Entries shown START

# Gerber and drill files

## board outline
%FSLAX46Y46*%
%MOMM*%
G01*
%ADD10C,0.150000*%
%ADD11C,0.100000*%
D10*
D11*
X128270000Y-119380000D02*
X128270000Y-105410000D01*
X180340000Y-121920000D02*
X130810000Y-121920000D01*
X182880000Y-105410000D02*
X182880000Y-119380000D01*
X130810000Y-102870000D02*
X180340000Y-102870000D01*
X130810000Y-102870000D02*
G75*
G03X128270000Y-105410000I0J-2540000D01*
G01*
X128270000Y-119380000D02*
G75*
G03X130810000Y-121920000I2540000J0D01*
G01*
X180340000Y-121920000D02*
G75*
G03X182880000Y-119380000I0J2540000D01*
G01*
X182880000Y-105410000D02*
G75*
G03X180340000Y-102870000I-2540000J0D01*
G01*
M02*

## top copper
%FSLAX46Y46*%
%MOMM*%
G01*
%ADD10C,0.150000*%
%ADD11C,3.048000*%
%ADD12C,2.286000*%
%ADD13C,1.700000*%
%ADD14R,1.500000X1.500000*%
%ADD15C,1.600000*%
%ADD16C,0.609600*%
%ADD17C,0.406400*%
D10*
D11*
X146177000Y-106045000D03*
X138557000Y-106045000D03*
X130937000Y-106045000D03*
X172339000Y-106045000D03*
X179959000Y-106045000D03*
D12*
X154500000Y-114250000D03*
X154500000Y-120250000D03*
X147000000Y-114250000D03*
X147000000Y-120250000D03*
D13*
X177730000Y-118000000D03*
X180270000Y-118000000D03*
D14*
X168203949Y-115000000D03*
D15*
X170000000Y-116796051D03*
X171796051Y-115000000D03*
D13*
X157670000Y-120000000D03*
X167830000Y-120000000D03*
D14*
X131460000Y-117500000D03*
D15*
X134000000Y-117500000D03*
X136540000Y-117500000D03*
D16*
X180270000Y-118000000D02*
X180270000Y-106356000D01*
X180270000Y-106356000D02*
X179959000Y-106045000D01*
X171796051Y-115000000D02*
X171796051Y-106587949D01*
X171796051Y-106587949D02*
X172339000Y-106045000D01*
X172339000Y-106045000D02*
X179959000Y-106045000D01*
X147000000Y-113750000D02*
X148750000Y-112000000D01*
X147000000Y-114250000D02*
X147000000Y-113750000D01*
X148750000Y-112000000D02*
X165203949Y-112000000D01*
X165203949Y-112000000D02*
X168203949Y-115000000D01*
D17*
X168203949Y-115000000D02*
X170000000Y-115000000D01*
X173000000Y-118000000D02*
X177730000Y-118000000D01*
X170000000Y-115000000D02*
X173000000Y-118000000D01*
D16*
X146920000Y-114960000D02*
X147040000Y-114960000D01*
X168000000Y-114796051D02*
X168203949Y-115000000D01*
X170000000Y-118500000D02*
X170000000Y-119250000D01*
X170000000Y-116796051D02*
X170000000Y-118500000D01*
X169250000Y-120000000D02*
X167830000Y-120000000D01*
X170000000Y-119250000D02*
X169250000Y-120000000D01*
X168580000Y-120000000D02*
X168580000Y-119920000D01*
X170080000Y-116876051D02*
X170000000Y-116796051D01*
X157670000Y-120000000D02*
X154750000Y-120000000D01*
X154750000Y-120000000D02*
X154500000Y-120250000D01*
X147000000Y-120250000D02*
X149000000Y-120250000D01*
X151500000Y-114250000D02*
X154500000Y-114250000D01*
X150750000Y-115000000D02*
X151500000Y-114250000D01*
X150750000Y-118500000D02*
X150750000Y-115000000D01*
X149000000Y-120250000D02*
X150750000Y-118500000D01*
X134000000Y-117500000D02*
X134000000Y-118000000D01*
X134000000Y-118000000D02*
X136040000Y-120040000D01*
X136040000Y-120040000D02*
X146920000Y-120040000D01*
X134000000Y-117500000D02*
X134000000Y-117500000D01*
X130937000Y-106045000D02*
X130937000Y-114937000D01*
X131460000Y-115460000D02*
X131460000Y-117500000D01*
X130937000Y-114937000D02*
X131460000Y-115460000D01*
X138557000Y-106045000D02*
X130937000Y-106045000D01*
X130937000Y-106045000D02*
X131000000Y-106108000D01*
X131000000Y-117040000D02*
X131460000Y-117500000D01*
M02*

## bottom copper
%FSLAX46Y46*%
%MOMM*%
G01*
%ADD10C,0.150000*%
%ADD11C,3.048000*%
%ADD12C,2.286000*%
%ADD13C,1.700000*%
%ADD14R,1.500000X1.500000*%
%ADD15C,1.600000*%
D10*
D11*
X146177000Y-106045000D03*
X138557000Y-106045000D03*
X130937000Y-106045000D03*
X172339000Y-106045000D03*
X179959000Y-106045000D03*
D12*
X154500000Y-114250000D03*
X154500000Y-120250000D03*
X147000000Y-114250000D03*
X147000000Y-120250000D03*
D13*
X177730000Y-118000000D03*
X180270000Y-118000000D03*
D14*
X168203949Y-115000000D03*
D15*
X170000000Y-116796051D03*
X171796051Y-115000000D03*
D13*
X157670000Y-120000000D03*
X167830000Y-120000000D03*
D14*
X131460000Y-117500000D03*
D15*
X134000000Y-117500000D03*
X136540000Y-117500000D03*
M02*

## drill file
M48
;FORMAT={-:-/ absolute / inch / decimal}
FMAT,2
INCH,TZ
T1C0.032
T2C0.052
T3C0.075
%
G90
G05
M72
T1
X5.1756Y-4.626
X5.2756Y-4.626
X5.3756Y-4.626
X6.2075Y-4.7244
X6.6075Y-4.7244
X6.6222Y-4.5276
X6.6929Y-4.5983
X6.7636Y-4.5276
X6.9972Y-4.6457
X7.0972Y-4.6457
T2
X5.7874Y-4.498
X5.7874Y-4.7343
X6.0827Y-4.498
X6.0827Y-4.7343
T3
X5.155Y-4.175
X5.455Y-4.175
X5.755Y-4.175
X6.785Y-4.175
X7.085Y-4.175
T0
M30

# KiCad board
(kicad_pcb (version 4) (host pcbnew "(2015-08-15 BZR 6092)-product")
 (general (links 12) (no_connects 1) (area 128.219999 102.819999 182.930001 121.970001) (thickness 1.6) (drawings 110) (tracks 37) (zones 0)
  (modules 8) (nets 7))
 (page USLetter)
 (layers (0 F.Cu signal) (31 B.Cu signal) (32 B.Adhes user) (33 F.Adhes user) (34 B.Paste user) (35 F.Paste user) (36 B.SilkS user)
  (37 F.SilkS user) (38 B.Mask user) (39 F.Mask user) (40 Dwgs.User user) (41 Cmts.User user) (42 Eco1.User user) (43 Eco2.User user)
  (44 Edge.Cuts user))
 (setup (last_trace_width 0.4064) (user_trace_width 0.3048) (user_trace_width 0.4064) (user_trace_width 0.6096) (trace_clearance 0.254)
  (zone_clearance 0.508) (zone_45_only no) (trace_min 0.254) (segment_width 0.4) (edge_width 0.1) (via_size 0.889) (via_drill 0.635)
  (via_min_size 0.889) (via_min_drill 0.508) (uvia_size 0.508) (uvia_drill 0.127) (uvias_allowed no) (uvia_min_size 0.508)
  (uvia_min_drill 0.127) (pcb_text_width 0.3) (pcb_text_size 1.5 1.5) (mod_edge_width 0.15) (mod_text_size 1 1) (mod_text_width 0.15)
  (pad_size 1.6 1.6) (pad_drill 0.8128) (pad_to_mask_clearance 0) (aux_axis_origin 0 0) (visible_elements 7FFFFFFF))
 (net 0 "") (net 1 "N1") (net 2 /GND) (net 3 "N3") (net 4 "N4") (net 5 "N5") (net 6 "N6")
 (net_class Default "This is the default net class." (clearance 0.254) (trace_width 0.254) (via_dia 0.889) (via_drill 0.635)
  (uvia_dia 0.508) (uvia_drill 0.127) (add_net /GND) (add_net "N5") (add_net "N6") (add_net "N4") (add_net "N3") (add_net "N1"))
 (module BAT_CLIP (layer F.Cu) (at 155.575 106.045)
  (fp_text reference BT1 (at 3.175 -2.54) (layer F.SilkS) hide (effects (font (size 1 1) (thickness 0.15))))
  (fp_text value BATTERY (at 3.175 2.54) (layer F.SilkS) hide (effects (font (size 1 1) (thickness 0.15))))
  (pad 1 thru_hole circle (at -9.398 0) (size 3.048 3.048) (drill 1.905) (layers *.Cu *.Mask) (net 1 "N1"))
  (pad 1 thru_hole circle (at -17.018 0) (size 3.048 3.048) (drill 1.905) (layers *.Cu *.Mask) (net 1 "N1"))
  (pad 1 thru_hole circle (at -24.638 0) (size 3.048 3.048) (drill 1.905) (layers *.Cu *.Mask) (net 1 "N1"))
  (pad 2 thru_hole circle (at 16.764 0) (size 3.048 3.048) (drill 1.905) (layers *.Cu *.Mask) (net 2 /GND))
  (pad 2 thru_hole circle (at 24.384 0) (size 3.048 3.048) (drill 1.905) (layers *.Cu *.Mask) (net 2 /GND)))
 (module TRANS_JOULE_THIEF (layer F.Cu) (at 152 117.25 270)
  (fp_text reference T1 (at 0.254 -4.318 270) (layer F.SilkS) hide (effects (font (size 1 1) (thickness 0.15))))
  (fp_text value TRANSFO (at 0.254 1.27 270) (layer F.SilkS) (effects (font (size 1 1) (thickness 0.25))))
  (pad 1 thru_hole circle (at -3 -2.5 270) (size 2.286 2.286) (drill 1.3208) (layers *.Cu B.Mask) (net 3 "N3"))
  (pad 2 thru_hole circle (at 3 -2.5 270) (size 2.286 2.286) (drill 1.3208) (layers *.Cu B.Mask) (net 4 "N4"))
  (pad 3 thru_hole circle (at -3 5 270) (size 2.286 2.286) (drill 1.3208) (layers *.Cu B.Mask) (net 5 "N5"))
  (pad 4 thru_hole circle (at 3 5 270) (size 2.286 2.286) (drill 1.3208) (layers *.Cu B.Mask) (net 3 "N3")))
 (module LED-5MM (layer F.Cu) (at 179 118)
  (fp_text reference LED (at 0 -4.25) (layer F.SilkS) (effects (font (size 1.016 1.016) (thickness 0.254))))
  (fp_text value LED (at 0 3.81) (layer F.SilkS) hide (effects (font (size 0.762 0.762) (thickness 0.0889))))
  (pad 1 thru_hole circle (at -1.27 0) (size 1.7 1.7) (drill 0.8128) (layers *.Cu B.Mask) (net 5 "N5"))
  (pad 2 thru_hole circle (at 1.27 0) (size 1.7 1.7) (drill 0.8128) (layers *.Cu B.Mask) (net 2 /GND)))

Entries shown END

_Required work_
Reproduce, word for word and in full, only the lines above that start at the line with "(page USLetter)" and run through the line with "(setup (last_trace_width 0.4064)", both ends included.

_Result_
 (page USLetter)
 (layers (0 F.Cu signal) (31 B.Cu signal) (32 B.Adhes user) (33 F.Adhes user) (34 B.Paste user) (35 F.Paste user) (36 B.SilkS user)
  (37 F.SilkS user) (38 B.Mask user) (39 F.Mask user) (40 Dwgs.User user) (41 Cmts.User user) (42 Eco1.User user) (43 Eco2.User user)
  (44 Edge.Cuts user))
 (setup (last_trace_width 0.4064) (user_trace_width 0.3048) (user_trace_width 0.4064) (user_trace_width 0.6096) (trace_clearance 0.254)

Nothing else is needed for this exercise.